• [WORK REQUEST]: Going down the data below, set down exactly the line with "X146564165Y-104127545D01*" and each line after it through the line with "X147119486Y-101814500D01*"; no other lines.

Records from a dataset
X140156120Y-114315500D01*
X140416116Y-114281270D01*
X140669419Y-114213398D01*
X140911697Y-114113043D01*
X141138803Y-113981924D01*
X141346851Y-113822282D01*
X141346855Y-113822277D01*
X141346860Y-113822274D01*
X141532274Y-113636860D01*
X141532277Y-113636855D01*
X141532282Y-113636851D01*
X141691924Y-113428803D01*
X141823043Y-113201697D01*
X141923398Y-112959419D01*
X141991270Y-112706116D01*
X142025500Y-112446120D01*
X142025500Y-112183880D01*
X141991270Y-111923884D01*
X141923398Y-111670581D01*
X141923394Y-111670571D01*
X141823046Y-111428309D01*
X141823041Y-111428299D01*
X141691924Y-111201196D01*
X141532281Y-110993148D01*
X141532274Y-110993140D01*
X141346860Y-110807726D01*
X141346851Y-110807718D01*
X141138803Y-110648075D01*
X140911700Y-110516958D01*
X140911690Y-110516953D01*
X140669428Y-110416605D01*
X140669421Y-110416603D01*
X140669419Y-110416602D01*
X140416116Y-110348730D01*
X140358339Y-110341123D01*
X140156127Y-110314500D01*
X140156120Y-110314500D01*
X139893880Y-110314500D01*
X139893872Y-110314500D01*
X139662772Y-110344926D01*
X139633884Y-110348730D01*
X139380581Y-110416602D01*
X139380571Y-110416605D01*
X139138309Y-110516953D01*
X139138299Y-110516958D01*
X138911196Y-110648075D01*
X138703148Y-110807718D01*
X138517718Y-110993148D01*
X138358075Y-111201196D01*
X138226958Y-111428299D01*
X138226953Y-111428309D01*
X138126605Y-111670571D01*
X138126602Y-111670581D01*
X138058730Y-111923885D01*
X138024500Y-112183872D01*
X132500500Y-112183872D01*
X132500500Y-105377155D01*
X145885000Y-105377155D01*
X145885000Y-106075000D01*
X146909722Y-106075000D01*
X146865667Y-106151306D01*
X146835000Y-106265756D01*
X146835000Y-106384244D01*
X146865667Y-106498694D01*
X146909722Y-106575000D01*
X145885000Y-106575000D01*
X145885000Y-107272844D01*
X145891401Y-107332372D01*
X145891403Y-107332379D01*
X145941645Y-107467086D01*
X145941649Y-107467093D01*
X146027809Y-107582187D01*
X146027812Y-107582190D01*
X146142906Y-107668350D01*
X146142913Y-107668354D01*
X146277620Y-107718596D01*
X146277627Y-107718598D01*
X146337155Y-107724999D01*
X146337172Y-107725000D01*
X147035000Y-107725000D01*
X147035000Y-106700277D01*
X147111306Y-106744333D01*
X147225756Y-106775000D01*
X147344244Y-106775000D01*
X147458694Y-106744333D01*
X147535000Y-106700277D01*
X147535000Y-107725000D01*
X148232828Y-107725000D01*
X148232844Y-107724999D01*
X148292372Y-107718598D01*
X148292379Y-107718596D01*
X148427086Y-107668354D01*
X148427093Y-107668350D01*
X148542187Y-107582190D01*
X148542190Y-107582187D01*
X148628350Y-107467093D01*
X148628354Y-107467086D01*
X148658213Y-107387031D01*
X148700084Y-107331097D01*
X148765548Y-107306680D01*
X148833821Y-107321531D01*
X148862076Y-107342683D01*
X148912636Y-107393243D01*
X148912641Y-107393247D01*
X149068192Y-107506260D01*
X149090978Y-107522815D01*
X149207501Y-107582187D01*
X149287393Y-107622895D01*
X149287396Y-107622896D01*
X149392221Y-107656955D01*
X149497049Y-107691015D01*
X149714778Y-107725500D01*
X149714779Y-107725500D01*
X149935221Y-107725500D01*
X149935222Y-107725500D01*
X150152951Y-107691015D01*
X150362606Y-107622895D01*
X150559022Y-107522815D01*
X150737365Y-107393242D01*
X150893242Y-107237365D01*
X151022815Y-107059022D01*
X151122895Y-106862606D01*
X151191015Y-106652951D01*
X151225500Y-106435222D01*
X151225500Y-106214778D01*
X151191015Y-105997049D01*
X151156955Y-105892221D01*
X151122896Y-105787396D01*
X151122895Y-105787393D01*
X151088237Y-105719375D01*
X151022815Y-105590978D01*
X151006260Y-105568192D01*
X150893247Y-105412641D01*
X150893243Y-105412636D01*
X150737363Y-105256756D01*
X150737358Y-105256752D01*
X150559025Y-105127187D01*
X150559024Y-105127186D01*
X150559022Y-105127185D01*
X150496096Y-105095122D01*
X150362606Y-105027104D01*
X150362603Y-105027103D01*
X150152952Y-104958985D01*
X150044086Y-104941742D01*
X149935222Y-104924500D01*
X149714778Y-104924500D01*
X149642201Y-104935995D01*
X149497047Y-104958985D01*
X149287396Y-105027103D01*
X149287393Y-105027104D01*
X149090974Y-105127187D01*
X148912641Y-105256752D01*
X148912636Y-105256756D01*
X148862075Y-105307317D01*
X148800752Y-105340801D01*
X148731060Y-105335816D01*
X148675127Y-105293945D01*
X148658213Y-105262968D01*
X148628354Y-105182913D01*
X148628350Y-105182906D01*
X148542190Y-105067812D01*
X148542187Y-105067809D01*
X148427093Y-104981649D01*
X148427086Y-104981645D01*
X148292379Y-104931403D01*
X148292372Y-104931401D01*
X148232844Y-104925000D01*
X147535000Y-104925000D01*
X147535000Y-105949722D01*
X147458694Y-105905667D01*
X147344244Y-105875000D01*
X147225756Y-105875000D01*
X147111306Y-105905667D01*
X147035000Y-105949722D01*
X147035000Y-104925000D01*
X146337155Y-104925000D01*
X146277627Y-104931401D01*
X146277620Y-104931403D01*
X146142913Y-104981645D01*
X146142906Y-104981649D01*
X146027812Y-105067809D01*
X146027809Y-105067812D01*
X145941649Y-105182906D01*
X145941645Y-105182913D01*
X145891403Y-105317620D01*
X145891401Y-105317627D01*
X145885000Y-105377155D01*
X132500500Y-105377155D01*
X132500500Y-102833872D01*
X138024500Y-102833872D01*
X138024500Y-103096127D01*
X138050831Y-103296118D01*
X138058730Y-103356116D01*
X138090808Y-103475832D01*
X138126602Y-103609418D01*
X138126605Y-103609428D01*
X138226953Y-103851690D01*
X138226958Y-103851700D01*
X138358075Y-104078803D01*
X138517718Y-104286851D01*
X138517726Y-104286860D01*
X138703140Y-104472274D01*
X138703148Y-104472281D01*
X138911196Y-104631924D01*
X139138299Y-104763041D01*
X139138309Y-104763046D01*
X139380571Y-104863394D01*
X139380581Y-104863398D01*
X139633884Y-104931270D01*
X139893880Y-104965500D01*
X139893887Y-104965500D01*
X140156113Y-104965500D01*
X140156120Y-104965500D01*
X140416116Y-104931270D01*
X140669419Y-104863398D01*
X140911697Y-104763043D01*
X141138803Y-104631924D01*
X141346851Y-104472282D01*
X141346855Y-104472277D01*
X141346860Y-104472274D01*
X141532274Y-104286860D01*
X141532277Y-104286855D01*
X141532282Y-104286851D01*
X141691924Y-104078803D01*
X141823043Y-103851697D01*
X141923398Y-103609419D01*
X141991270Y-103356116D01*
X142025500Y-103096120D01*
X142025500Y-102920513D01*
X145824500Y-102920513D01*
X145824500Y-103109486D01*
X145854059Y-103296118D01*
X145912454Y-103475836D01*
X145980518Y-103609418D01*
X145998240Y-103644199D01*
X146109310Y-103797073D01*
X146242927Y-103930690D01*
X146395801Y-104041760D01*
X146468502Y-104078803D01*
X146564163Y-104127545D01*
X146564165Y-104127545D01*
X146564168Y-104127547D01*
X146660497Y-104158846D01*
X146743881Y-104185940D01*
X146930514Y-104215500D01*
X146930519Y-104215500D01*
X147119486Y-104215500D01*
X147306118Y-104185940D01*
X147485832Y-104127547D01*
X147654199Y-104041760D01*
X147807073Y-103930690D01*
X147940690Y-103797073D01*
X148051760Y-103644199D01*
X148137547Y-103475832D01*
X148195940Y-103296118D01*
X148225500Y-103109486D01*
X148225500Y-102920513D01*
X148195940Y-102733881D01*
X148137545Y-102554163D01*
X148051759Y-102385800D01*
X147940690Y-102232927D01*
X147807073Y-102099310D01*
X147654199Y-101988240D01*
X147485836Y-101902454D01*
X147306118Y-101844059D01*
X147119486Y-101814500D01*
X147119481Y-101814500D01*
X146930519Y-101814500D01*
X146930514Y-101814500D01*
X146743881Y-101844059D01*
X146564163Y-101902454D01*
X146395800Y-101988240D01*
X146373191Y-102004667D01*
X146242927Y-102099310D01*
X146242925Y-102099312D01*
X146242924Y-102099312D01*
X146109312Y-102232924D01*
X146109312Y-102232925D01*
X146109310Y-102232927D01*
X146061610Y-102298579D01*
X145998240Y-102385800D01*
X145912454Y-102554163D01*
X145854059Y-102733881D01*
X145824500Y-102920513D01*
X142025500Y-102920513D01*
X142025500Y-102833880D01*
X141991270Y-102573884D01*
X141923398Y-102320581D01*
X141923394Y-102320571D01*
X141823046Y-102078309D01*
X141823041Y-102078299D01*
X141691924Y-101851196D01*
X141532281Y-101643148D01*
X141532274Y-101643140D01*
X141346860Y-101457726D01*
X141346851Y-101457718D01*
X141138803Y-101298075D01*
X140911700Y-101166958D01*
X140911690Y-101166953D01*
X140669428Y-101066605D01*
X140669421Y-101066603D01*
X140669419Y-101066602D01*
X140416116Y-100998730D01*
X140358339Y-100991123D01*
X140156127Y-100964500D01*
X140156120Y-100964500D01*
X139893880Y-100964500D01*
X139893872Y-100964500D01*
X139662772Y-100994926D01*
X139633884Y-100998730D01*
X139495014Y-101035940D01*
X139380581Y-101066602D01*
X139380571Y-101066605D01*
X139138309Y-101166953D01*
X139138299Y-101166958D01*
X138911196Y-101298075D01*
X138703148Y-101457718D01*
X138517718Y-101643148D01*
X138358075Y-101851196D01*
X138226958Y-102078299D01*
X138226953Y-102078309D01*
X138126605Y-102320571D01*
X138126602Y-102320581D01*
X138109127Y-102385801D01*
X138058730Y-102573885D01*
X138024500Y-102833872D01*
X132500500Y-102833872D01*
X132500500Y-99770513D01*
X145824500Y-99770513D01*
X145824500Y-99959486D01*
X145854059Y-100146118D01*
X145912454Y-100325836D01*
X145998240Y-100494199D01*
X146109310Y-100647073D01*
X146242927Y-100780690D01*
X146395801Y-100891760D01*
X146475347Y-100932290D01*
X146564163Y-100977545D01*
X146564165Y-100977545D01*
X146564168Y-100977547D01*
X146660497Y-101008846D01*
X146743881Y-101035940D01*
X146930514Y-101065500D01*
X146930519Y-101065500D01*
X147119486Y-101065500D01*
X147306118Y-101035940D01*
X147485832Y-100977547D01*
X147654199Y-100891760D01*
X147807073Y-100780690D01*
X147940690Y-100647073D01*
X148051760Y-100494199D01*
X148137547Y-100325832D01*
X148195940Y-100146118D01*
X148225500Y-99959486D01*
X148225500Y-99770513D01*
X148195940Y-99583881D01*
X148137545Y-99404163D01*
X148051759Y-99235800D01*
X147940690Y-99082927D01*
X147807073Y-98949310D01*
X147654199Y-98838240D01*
...
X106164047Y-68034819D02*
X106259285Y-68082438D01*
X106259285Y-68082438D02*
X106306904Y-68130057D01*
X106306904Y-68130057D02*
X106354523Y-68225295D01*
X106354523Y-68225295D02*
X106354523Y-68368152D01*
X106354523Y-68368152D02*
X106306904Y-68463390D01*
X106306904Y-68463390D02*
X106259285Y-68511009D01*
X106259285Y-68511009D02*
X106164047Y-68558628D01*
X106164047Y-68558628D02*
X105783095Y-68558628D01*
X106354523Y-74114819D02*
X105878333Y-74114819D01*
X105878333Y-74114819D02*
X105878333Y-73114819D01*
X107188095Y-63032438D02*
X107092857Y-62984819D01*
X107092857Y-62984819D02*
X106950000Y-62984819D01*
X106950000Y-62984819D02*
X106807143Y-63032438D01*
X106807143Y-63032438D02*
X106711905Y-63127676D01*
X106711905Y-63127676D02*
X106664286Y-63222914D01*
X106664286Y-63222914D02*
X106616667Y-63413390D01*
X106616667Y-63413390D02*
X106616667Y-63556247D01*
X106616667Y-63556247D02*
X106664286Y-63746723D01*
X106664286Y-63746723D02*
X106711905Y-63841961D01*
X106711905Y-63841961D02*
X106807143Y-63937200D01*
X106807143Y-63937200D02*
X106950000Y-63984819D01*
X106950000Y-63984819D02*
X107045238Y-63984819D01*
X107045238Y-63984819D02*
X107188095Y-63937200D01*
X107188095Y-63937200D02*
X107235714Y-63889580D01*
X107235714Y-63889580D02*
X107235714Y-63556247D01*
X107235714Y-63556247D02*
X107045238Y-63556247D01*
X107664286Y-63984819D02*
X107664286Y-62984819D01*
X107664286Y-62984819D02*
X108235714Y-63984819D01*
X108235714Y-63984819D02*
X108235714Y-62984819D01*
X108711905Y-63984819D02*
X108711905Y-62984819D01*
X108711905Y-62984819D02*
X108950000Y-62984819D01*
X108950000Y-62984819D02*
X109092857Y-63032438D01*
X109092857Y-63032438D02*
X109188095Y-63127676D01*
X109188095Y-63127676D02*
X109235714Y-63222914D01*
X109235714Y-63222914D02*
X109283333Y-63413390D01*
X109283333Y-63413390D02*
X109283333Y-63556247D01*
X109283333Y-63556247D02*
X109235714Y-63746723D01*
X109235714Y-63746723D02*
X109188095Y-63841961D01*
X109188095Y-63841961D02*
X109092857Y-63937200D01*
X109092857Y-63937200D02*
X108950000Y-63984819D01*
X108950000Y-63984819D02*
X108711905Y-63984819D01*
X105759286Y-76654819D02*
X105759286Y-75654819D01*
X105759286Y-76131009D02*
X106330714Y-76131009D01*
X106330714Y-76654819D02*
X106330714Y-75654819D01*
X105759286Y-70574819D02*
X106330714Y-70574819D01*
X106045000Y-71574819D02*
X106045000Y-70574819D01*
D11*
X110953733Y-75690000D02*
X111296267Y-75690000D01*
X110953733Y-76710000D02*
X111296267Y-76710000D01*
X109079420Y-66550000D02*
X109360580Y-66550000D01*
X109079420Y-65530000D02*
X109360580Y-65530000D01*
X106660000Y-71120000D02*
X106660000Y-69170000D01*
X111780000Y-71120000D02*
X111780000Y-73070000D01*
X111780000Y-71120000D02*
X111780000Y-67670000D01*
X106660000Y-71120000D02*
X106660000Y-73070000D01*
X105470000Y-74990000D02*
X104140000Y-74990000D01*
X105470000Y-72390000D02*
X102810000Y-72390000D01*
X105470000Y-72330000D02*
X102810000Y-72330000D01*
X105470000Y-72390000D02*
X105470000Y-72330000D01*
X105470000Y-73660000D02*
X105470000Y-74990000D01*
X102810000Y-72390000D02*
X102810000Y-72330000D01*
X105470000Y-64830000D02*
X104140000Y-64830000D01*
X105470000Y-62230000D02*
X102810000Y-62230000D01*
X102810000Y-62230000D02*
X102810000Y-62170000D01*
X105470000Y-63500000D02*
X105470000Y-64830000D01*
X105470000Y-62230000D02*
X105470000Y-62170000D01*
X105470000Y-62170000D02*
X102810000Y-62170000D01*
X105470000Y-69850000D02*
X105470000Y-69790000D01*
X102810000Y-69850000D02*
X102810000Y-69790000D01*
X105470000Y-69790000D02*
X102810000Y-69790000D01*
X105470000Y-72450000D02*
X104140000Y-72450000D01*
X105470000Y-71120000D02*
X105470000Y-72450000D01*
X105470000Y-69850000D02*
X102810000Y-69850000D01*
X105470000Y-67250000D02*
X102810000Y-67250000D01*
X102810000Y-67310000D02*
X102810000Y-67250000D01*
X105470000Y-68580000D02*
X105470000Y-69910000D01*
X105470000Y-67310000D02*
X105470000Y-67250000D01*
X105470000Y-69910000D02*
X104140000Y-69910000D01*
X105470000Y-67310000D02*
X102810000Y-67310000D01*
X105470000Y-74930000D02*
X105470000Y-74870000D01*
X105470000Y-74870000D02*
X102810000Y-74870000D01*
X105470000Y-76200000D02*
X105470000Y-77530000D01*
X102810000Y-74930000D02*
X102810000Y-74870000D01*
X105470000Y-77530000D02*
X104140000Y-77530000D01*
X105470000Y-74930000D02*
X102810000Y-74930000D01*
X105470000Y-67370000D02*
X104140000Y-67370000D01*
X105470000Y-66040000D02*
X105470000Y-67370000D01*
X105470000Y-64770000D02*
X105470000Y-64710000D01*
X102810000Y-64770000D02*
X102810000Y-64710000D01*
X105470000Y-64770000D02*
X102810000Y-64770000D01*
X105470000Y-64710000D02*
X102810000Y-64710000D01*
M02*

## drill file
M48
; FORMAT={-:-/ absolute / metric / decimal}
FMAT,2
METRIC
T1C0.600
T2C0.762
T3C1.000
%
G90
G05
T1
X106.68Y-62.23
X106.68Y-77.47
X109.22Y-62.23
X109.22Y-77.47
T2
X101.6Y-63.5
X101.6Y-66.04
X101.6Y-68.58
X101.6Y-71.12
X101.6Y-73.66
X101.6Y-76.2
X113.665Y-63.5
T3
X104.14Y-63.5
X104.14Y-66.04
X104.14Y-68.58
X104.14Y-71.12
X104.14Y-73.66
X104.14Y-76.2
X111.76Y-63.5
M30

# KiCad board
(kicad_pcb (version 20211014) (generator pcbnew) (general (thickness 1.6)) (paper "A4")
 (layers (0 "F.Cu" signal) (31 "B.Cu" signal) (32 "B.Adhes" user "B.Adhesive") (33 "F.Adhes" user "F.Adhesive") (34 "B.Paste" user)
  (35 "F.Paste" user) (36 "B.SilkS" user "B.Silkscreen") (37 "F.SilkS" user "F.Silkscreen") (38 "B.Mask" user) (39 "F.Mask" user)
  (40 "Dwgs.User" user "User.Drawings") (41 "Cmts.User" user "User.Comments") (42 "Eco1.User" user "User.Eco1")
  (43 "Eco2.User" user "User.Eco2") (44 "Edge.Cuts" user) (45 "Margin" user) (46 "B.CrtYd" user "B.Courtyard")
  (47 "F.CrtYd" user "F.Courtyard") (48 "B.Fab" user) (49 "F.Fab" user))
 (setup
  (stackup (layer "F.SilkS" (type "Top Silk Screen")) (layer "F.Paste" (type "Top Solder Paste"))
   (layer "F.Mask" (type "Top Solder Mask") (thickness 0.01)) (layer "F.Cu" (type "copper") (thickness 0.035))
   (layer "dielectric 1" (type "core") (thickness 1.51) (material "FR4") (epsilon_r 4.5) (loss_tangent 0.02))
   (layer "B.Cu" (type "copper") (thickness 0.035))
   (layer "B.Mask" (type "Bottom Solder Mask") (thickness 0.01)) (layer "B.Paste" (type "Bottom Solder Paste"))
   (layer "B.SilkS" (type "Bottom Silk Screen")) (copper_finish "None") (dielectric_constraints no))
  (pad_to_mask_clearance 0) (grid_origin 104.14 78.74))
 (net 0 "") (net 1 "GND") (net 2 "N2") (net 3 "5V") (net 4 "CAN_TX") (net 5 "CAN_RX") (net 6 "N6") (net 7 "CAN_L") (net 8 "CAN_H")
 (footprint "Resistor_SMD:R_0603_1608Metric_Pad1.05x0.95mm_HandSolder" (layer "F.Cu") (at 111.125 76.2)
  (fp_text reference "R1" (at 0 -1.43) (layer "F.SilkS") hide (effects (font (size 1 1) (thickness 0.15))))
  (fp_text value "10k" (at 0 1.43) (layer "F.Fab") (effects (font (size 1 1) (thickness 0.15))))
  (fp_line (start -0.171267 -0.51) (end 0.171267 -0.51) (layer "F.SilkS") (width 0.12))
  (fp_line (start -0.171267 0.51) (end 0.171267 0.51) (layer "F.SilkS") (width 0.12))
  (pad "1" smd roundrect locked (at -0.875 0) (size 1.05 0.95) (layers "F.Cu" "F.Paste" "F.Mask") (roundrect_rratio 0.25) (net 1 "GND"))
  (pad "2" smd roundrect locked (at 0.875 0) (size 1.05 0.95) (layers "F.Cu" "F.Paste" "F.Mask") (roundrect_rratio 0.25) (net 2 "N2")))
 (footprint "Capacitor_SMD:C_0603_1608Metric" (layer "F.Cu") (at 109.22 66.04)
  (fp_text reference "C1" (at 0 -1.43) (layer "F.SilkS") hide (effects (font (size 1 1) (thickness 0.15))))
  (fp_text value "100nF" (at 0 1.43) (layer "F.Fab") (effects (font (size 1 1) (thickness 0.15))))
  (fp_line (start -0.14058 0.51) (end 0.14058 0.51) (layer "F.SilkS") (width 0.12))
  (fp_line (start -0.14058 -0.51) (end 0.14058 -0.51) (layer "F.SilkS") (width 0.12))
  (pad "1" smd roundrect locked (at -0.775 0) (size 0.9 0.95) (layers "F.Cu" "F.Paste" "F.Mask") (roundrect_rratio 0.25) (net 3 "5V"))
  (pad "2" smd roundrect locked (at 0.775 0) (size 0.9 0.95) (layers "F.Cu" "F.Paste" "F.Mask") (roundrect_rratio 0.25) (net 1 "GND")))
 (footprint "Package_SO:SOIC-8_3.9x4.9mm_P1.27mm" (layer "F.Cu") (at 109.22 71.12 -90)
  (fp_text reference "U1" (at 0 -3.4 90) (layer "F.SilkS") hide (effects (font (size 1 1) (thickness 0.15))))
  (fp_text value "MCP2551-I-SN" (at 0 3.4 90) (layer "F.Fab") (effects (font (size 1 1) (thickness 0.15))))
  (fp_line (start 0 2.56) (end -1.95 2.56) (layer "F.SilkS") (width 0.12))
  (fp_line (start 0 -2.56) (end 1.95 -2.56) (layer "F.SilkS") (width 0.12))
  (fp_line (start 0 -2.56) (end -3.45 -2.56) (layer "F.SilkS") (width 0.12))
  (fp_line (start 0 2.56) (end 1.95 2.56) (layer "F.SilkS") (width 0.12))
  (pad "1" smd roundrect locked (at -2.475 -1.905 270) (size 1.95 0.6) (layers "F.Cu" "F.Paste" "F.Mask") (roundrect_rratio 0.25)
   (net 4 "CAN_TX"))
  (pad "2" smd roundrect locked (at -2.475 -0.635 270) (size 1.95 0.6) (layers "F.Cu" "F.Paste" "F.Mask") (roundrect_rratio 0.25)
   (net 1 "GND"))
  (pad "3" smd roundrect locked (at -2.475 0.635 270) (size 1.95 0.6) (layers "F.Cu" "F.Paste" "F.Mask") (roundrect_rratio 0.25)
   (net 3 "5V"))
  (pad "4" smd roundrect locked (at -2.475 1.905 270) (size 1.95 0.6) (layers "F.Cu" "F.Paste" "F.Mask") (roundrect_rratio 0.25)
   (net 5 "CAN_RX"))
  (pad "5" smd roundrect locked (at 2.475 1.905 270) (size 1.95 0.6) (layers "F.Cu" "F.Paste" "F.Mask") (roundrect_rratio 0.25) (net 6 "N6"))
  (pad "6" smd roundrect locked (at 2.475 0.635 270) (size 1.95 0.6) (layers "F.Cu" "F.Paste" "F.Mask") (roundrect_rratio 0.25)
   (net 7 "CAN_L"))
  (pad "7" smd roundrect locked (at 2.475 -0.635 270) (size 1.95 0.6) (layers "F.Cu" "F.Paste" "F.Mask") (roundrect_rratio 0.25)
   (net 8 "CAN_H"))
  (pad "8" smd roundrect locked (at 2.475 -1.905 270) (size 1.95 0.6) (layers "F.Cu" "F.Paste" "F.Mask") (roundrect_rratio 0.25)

• [ANSWER BELOW]:
X146564165Y-104127545D01*
X146564168Y-104127547D01*
X146660497Y-104158846D01*
X146743881Y-104185940D01*
X146930514Y-104215500D01*
X146930519Y-104215500D01*
X147119486Y-104215500D01*
X147306118Y-104185940D01*
X147485832Y-104127547D01*
X147654199Y-104041760D01*
X147807073Y-103930690D01*
X147940690Y-103797073D01*
X148051760Y-103644199D01*
X148137547Y-103475832D01*
X148195940Y-103296118D01*
X148225500Y-103109486D01*
X148225500Y-102920513D01*
X148195940Y-102733881D01*
X148137545Y-102554163D01*
X148051759Y-102385800D01*
X147940690Y-102232927D01*
X147807073Y-102099310D01*
X147654199Y-101988240D01*
X147485836Y-101902454D01*
X147306118Y-101844059D01*
X147119486Y-101814500D01*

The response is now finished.